Власть и наука - Валерий Сойфер
Шрифт:
Интервал:
Закладка:
Развязанная коммунистами истерия поиска идейных врагов, расправы с ними самыми кровавыми способами, создала условия, при которых всех несогласных с избранниками Коммунистической Системы квалифицировали однозначно как врагов Системы, и это породило криминально-уголовную практику расправы с научными противниками Лысенко.
Еще одной из причин, обеспечивших восторженный прием Лысенко, был классовый принцип, избранный в качестве решающего при создании красной интеллигенции. В этом смысле даже уж совсем мелкая деталь могла подкупить власти: исполнителем идеи сына выступил его отец -- действительно простой, не обученный ни в каких школах и заочных институтах крестьянин, который открыто заявил о горячем желании помочь партии и правительству. В атмосфере тех лет, ежедневно подпитываемой рассуждениями о неиссякаемых творческих силах простых людей, их желании и возможности горы своротить, но светлое будущее построить ("коммунизм не за горами -- твердили этим людям ежечасно"), реальность таких подвигов представлялась сама собой разумеющейся. Большинству вовсе не казалось тогда странным, что малограмотные, темные люди легко преодолевали затруднения, непосильные для пусть и грамотных специалистов, но "превозмогших лишь казенное образование" (выражение Ленина). Ведь последние, как утверждалось, почти поголовно заскорузли в своих "берлогах", и потому оскудели -- и кругозором и по части смелости. Поэтому даже не возникал вопрос, а как же это могло случится, что наука и ученые прошли мимо столь легкой возможности утроить урожаи одним махом. Ответ был заранее сформулирован: а им это и не нужно было вовсе, они, "казенные специалисты", о себе, о своей выгоде и наживе пеклись, а не о благе народном помышляли.

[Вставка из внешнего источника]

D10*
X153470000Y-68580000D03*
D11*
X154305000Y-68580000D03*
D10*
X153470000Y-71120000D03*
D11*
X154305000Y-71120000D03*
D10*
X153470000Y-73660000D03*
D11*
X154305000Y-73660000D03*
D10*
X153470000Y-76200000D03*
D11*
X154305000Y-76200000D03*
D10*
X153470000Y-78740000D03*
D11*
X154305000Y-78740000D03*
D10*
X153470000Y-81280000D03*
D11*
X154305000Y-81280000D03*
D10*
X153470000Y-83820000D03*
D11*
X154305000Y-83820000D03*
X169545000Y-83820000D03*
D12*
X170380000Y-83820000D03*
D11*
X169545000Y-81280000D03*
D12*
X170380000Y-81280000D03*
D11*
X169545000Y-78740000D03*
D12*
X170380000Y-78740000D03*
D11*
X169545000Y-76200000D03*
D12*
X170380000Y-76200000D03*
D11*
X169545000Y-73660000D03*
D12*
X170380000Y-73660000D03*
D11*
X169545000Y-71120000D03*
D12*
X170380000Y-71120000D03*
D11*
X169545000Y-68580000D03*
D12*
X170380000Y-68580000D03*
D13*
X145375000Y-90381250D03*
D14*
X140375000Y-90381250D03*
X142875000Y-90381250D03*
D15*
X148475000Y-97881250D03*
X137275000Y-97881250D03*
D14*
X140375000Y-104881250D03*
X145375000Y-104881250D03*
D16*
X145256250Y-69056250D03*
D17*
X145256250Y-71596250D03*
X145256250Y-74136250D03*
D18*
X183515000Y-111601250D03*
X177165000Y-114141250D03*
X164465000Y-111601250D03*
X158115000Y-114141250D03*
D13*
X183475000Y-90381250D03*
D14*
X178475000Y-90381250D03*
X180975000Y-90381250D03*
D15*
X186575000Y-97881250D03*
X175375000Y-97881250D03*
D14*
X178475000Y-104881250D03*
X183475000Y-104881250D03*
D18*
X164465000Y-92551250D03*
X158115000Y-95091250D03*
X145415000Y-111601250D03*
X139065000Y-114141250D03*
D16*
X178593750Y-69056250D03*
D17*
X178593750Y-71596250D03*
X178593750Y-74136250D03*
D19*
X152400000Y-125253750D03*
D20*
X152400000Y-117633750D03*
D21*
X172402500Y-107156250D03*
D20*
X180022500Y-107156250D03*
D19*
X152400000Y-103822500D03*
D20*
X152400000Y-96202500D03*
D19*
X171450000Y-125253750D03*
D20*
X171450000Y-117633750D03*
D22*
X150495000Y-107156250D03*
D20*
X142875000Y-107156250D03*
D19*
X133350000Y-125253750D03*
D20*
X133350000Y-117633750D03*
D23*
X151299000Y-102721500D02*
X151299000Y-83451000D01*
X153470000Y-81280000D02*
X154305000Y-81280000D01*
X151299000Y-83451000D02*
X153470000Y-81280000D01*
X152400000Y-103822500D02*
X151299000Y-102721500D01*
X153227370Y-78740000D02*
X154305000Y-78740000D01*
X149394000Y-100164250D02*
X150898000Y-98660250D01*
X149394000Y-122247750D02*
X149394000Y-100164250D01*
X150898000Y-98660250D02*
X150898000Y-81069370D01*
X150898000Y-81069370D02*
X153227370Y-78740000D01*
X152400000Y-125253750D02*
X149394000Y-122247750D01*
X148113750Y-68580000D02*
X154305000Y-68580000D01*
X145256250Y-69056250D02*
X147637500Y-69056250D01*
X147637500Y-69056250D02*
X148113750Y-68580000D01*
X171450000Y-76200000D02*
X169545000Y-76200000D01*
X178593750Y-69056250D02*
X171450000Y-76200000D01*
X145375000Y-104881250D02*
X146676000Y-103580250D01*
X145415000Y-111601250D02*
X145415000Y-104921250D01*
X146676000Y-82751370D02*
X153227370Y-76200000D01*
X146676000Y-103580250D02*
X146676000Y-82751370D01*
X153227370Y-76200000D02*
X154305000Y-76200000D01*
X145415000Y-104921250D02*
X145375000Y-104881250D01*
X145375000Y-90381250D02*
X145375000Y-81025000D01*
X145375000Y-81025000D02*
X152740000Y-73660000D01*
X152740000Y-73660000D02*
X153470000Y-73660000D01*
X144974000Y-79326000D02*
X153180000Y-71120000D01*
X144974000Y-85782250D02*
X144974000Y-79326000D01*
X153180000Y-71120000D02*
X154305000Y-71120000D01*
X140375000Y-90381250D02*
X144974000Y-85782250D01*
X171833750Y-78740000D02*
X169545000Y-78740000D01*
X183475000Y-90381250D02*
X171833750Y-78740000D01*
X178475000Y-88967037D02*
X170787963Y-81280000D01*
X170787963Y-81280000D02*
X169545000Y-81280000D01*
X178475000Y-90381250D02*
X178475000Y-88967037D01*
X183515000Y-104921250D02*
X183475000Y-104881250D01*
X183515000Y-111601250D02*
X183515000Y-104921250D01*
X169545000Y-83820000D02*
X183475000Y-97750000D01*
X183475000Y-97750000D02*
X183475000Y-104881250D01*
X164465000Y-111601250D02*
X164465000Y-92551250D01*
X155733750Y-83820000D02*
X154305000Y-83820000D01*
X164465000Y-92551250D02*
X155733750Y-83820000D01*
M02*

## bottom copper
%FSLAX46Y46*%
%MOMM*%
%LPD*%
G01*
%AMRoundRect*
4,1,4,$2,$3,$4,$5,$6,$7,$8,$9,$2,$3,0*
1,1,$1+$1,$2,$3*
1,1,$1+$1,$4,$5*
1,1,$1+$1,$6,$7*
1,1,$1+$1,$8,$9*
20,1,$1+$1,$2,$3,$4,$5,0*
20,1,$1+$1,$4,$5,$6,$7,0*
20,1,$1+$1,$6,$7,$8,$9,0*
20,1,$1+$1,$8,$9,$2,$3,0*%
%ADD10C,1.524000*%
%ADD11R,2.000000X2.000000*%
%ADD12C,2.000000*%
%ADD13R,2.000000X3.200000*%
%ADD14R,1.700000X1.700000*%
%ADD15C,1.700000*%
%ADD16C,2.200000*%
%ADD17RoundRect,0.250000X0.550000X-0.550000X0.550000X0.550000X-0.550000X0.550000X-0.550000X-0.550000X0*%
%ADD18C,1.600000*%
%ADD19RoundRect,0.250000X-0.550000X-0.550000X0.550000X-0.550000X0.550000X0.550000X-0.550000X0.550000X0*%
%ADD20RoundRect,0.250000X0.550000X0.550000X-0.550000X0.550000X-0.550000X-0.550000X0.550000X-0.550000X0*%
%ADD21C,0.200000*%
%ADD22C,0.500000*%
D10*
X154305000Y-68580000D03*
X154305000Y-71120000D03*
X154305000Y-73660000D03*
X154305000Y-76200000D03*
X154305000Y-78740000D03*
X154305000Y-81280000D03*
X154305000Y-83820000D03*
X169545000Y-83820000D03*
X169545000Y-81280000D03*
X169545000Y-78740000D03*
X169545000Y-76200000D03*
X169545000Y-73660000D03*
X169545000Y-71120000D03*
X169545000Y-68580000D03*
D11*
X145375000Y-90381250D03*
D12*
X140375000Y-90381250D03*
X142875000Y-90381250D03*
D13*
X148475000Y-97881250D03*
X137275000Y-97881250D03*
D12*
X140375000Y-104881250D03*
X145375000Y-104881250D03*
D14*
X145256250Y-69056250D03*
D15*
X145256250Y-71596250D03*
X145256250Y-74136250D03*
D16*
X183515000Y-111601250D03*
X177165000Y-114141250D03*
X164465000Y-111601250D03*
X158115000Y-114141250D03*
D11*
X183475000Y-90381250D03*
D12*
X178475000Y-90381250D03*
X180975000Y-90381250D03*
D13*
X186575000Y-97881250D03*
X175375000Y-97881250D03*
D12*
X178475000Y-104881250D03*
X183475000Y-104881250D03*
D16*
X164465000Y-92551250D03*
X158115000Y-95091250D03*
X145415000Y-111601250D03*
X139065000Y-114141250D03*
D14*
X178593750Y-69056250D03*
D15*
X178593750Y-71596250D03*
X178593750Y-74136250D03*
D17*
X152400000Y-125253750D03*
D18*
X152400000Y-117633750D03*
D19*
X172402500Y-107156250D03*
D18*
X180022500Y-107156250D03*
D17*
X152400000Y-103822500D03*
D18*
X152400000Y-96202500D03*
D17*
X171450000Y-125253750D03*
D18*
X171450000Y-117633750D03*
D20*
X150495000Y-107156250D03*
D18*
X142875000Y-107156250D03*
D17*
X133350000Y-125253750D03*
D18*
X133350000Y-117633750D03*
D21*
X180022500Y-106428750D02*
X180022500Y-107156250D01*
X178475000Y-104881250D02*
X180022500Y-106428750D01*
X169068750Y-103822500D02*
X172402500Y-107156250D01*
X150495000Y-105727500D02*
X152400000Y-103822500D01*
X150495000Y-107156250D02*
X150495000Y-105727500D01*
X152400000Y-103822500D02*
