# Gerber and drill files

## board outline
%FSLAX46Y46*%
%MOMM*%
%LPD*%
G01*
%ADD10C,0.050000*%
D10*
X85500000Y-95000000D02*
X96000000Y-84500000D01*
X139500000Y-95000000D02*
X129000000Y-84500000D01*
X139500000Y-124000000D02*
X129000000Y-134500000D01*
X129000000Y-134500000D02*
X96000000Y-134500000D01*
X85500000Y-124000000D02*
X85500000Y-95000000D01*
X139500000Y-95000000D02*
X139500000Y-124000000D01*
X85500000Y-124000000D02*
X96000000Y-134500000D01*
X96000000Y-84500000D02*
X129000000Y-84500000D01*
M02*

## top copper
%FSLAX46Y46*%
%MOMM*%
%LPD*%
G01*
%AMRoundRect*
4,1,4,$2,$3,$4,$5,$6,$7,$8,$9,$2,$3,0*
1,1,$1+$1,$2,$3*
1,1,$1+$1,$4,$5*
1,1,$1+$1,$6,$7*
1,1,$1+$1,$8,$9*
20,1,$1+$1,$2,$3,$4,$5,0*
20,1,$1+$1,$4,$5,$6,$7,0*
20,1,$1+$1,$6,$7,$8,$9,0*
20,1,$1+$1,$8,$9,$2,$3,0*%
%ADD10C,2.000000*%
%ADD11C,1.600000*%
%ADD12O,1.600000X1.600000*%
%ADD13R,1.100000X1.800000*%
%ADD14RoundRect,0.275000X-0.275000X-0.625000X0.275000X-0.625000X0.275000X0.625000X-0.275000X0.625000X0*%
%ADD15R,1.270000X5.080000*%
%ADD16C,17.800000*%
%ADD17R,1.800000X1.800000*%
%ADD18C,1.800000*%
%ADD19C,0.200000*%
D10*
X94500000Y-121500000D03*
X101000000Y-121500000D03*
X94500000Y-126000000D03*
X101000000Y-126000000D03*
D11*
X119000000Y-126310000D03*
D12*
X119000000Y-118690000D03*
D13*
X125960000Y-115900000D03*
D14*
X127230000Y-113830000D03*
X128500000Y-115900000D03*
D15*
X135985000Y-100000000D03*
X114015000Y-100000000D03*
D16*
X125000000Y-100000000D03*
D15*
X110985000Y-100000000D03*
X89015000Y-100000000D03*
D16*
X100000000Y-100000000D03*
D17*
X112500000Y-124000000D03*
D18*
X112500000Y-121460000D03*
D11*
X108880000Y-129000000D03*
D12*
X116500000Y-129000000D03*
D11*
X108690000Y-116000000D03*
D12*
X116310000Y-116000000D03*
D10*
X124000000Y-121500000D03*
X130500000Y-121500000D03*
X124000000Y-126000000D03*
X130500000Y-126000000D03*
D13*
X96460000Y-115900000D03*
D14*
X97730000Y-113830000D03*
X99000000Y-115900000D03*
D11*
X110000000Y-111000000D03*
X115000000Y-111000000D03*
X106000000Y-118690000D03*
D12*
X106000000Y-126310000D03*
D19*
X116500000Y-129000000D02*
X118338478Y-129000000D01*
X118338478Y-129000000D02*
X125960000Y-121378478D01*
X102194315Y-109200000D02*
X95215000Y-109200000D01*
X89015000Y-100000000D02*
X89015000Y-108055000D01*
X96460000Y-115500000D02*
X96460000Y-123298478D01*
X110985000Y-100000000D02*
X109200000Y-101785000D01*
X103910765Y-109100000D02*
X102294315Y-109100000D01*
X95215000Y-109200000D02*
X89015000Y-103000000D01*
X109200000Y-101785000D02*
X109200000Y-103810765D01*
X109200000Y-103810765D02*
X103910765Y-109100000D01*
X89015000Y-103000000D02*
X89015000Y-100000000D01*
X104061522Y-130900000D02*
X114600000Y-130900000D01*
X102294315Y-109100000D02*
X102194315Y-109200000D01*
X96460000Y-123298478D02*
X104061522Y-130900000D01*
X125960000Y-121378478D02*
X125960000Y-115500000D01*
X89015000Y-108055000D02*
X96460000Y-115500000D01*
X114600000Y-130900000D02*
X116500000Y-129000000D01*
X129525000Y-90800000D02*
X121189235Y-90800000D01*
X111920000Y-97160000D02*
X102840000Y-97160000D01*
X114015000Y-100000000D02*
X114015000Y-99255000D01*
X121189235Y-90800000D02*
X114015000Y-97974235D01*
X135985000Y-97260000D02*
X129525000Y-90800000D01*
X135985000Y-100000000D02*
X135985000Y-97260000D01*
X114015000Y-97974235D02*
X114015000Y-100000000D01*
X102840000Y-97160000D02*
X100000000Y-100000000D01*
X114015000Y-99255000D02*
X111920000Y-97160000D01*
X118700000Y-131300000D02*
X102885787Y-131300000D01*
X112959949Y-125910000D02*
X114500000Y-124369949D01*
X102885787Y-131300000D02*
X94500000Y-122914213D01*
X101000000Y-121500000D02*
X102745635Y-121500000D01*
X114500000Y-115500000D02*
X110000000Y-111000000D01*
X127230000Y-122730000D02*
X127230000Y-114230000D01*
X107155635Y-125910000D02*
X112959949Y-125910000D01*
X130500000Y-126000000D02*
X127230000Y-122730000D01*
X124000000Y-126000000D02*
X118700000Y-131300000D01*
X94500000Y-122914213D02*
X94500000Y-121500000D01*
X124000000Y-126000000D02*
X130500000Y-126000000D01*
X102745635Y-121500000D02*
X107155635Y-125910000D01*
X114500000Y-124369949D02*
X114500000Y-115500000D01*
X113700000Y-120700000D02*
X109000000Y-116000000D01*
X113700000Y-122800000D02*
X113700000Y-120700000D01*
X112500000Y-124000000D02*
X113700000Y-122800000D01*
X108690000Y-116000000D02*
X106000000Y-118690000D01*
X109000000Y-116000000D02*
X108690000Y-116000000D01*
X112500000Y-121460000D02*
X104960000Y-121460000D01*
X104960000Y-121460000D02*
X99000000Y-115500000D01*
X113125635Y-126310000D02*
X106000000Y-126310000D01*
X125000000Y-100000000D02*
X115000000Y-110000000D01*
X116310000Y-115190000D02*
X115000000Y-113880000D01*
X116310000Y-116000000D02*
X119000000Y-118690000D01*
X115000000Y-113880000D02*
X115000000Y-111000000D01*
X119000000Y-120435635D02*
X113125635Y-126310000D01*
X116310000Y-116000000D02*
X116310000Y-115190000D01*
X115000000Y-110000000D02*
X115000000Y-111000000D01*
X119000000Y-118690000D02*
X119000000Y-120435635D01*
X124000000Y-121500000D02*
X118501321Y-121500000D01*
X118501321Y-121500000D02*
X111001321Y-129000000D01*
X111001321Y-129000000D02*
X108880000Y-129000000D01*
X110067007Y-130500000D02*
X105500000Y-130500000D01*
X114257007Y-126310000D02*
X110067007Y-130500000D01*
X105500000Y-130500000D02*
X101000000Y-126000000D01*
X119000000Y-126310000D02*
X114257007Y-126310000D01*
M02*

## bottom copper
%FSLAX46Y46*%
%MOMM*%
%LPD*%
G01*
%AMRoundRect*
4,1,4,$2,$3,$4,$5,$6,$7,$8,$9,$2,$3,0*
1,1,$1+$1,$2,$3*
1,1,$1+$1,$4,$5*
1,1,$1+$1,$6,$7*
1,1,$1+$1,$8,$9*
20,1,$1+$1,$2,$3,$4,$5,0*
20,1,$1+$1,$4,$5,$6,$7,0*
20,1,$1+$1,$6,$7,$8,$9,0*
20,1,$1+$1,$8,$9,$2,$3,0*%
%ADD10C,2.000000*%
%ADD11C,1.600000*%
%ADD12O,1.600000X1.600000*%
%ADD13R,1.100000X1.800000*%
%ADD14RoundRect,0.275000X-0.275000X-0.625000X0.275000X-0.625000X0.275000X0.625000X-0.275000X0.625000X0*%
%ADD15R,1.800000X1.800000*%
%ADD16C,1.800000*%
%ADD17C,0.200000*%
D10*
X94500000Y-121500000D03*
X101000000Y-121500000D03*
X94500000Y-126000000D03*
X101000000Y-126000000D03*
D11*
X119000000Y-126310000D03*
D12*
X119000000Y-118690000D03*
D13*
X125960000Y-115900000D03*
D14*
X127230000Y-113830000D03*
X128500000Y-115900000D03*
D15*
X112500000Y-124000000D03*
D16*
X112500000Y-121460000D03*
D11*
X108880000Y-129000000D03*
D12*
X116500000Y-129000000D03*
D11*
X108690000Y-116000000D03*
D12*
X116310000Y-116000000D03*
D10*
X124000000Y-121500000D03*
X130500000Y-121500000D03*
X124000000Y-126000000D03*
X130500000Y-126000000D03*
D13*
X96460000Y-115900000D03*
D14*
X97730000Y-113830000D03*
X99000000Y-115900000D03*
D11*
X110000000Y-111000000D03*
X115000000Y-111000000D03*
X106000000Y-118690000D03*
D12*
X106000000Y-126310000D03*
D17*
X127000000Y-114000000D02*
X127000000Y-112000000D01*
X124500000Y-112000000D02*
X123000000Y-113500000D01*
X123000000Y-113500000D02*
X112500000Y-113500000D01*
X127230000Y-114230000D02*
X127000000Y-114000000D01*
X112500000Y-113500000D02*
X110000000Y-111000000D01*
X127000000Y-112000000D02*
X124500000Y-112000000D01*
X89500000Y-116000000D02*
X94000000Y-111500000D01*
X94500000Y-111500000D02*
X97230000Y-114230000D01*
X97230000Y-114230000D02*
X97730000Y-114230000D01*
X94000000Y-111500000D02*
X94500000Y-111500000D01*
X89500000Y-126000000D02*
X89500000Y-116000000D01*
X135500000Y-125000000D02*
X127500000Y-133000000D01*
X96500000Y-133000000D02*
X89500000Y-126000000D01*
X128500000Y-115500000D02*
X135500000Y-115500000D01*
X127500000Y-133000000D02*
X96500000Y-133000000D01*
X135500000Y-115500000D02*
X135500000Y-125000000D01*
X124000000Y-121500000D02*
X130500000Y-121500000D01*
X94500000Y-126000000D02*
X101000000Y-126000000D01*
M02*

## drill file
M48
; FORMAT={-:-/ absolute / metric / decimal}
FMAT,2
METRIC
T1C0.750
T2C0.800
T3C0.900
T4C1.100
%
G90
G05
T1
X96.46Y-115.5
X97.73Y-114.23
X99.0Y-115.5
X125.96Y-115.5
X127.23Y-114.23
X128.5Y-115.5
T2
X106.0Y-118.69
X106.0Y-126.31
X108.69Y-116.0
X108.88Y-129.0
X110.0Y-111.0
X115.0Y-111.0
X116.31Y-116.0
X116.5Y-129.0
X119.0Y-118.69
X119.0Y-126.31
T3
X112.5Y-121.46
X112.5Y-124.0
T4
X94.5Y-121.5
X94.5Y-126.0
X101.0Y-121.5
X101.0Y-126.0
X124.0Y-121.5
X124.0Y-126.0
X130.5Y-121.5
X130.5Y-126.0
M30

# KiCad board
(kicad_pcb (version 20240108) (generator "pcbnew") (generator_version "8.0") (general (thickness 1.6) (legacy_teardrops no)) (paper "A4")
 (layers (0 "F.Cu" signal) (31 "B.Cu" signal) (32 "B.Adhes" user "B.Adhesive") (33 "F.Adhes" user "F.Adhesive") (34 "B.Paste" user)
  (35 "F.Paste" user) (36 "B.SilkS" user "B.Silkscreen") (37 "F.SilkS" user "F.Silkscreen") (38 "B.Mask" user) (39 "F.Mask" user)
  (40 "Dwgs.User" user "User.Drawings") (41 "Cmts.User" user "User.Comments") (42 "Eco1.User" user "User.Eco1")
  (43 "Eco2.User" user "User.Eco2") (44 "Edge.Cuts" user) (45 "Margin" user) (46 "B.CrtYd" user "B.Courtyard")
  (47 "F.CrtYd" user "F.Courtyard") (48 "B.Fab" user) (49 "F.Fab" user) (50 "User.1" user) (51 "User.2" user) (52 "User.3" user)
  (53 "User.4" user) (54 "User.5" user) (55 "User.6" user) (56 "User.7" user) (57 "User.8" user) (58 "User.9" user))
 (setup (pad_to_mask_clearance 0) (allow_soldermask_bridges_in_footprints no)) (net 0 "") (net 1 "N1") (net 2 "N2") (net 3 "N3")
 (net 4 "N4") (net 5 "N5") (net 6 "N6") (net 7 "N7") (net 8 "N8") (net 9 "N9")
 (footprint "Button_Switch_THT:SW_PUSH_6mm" (layer "F.Cu") (at 94.5 121.5)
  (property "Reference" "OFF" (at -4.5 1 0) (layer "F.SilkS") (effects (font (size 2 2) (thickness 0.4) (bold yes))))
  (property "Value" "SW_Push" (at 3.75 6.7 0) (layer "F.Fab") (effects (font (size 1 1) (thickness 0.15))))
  (pad "1" thru_hole circle (at 0 0 90) (size 2 2) (drill 1.1) (layers "*.Cu" "*.Mask") (remove_unused_layers no) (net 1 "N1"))
  (pad "1" thru_hole circle (at 6.5 0 90) (size 2 2) (drill 1.1) (layers "*.Cu" "*.Mask") (remove_unused_layers no) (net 1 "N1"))
  (pad "2" thru_hole circle (at 0 4.5 90) (size 2 2) (drill 1.1) (layers "*.Cu" "*.Mask") (remove_unused_layers no) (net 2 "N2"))
  (pad "2" thru_hole circle (at 6.5 4.5 90) (size 2 2) (drill 1.1) (layers "*.Cu" "*.Mask") (remove_unused_layers no) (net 2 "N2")))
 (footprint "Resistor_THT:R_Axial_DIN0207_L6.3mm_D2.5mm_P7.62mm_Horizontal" (layer "F.Cu") (at 119 126.31 90)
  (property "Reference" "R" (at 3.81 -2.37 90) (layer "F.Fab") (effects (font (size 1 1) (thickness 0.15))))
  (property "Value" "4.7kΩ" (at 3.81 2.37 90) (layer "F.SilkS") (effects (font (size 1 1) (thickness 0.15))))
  (pad "1" thru_hole circle (at 0 0 90) (size 1.6 1.6) (drill 0.8) (layers "*.Cu" "*.Mask") (remove_unused_layers no) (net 2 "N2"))
  (pad "2" thru_hole oval (at 7.62 0 90) (size 1.6 1.6) (drill 0.8) (layers "*.Cu" "*.Mask") (remove_unused_layers no) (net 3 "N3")))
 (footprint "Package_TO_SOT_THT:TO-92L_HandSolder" (layer "F.Cu") (at 125.96 115.5)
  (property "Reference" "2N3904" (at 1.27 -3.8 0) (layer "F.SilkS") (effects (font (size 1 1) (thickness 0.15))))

Также помогли признанию Лысенко властями его личностные качества. Он продемонстрировал недюжинное умение контактировать с руководителями разного ранга, удачно держал речи перед самим Сталиным, зная, кого нужно во время этих выступлений позорить и как нужно щедро раздавать обещания на будущее. Не пасовал он и в общении с самыми маститыми учеными, часто просто третируя их. В сталинское время многие просоветские литераторы умилялись личными талантами Трофима Денисовича Лысенко, его нетерпимостью к идейным противникам, его бульдозерным темпераментом и медвежьей хваткой. Умиляться тут вроде бы было нечему, хотя нельзя не признать, что в своей социальной среде он действовал умело и успешно. Он вырос на специфической питательной среде, он следовал укоренившейся в коммунистическом обществе морали, использовал стиль поведения, признаваемый обществом за единственно правильный. Конечно, Лысенко проявил недюжинный талант в политиканстве, добился на этом пути наивысшего успеха, стал едва ли не самой колоритной фигурой в научной сфере Страны Советов. Но его личностные черты, индивидуальные оттенки ни в коей мере не могут заслонить собой непреложность общей картины, характерологическая сущность которой никак не может быть сведена (или низведена) до уровня личностного феномена.
Слабая образованность большинства новых вождей не только вела к вере в мифы. Она была важным фактором, который обусловил принижение уровня научных исследований, низведение научного творчества до положения служанки при дворе Её Величества Практики. Примат практицизма в науке, требование к науке быть обращенной лицом к практике было внедрено в советском обществе безоговорочно. Лысенко это хорошо уловил с самого начала своей карьеры и быстро приучился противопоставлять в своих декларациях практический подход теоретическому. Деятельность Лысенко и его сторонников развертывалась на фоне непрестанного повторения в качестве исходной предпосылки нужды в срочной помощи практике со стороны науки. Заявления о практической направленности их работы сопровождали все выступления лысенкоистов, всегда противопоставлявших себя тем ученым, которые якобы бездумно мудрствуя и постыдно теоретизируя, лишь поедали хлеб народный.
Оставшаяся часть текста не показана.